__Materials provided__:
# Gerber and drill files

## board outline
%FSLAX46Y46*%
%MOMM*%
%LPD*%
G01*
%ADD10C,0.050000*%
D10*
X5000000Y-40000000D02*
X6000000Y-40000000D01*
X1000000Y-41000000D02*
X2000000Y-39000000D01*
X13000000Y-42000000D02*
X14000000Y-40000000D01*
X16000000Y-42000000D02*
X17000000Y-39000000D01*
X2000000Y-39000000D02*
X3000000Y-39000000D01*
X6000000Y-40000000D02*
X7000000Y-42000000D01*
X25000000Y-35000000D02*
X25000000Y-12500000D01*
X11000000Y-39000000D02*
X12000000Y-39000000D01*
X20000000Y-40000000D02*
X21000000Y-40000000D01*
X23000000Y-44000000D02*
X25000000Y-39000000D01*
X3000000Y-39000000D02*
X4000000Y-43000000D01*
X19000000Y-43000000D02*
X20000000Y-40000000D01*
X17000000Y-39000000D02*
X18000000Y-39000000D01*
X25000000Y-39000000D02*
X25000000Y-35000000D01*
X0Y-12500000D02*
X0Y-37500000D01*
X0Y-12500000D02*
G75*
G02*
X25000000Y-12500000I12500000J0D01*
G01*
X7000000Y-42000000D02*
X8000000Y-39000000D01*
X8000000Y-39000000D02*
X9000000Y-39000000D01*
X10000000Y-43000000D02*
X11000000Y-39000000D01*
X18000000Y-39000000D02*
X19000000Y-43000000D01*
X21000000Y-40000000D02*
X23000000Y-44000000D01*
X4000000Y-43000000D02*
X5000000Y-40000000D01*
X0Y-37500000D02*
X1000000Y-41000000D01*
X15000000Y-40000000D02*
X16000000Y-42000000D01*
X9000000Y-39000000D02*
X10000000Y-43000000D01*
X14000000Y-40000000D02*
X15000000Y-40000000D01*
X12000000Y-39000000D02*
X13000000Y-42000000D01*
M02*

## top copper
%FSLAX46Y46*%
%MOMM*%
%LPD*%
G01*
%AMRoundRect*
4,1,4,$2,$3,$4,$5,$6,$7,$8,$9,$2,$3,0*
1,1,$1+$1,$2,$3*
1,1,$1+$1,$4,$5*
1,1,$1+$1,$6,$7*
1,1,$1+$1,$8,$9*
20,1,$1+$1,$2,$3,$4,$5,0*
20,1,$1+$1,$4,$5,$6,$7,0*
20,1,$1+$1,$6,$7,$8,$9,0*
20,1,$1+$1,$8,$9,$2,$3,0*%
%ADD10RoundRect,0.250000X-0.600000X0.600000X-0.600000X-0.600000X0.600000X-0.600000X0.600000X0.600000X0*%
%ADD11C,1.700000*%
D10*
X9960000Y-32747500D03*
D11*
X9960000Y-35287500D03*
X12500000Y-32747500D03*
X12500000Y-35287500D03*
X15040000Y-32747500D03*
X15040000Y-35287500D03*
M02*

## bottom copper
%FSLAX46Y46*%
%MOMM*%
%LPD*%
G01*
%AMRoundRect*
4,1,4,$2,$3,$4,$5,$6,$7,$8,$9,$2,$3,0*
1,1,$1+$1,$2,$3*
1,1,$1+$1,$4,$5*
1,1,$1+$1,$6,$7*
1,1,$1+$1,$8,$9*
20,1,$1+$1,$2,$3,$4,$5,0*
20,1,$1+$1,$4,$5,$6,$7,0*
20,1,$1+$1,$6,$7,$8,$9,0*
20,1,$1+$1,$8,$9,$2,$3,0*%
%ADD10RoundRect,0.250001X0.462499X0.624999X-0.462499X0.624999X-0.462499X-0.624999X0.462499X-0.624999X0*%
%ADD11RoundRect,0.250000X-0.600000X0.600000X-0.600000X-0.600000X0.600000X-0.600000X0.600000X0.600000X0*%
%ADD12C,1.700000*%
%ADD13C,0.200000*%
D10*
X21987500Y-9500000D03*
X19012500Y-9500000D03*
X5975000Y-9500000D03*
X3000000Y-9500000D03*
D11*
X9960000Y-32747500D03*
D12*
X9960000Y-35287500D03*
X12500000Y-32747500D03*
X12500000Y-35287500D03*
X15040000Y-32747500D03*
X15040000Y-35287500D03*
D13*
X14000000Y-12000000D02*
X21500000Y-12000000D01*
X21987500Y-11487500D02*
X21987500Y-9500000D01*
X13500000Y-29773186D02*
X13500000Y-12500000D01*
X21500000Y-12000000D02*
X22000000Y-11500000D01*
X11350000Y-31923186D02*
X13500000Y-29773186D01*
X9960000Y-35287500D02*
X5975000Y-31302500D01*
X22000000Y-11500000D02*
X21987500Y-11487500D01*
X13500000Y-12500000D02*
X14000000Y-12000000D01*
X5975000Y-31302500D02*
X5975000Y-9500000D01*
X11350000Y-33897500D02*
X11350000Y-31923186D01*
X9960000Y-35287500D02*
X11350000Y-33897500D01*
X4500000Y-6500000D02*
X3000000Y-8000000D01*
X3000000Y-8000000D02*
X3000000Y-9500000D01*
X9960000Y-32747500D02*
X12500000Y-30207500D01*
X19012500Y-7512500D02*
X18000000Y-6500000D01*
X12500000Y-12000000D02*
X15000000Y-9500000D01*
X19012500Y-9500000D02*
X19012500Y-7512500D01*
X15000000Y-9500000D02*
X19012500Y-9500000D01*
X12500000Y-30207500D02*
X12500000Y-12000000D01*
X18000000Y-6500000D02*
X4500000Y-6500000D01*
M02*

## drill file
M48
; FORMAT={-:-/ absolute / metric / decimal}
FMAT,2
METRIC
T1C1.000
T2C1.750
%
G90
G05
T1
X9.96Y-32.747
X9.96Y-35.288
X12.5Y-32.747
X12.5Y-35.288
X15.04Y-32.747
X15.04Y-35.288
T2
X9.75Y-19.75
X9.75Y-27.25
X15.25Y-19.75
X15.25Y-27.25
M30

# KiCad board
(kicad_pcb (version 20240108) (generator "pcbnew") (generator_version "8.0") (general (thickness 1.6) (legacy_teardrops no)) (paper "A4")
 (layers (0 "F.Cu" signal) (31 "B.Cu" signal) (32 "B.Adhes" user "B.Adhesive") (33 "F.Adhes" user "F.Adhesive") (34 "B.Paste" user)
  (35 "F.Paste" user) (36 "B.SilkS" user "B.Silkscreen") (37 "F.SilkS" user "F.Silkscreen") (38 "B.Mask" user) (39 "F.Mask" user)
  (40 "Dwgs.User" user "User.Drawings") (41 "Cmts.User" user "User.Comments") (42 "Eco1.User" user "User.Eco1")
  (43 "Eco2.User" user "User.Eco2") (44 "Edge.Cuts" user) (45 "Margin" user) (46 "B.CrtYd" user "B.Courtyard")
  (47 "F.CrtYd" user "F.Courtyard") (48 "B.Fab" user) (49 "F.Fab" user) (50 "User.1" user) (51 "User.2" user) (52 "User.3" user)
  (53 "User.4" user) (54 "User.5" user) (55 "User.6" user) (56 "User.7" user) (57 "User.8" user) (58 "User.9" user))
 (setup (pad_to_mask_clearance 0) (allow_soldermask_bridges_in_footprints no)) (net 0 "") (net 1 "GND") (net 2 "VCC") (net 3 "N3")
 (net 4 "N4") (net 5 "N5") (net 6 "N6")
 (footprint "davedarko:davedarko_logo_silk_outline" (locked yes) (layer "F.Cu") (at 20 33)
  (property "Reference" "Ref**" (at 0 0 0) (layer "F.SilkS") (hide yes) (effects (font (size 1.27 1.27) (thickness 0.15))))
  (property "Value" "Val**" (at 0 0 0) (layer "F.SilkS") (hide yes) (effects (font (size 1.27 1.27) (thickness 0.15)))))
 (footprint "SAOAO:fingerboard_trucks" (layer "F.Cu") (at 12.5 23.5)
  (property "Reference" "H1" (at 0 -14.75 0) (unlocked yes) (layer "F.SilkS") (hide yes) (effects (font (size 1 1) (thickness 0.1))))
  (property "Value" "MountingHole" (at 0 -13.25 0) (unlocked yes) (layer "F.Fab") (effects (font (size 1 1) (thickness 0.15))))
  (pad "" np_thru_hole circle (at -2.75 -3.75) (size 1.75 1.75) (drill 1.75) (layers "F&B.Cu" "*.Mask"))
  (pad "" np_thru_hole circle (at -2.75 3.75) (size 1.75 1.75) (drill 1.75) (layers "F&B.Cu" "*.Mask"))
  (pad "" np_thru_hole circle (at 2.75 -3.75) (size 1.75 1.75) (drill 1.75) (layers "F&B.Cu" "*.Mask"))
  (pad "" np_thru_hole circle (at 2.75 3.75) (size 1.75 1.75) (drill 1.75) (layers "F&B.Cu" "*.Mask")))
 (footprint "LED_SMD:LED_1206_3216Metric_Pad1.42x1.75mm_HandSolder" (layer "B.Cu") (at 20.5 9.5 180)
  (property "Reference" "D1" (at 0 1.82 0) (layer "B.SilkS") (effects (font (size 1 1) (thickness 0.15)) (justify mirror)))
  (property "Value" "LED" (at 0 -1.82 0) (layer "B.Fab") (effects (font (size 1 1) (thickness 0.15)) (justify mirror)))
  (pad "1" smd roundrect (at -1.4875 0 180) (size 1.425 1.75) (layers "B.Cu" "B.Paste" "B.Mask") (roundrect_rratio 0.175439) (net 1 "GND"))
  (pad "2" smd roundrect (at 1.4875 0 180) (size 1.425 1.75) (layers "B.Cu" "B.Paste" "B.Mask") (roundrect_rratio 0.175439) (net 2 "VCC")))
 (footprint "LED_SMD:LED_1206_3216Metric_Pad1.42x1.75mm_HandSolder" (layer "B.Cu") (at 4.4875 9.5 180)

__What is required__:
Only the lines above from the line containing "X20000000Y-40000000D02*" through the line containing "X8000000Y-39000000D01*" should be retyped, exactly and with both ends included.

__Exercise response__:
X20000000Y-40000000D02*
X21000000Y-40000000D01*
X23000000Y-44000000D02*
X25000000Y-39000000D01*
X3000000Y-39000000D02*
X4000000Y-43000000D01*
X19000000Y-43000000D02*
X20000000Y-40000000D01*
X17000000Y-39000000D02*
X18000000Y-39000000D01*
X25000000Y-39000000D02*
X25000000Y-35000000D01*
X0Y-12500000D02*
X0Y-37500000D01*
X0Y-12500000D02*
G75*
G02*
X25000000Y-12500000I12500000J0D01*
G01*
X7000000Y-42000000D02*
X8000000Y-39000000D01*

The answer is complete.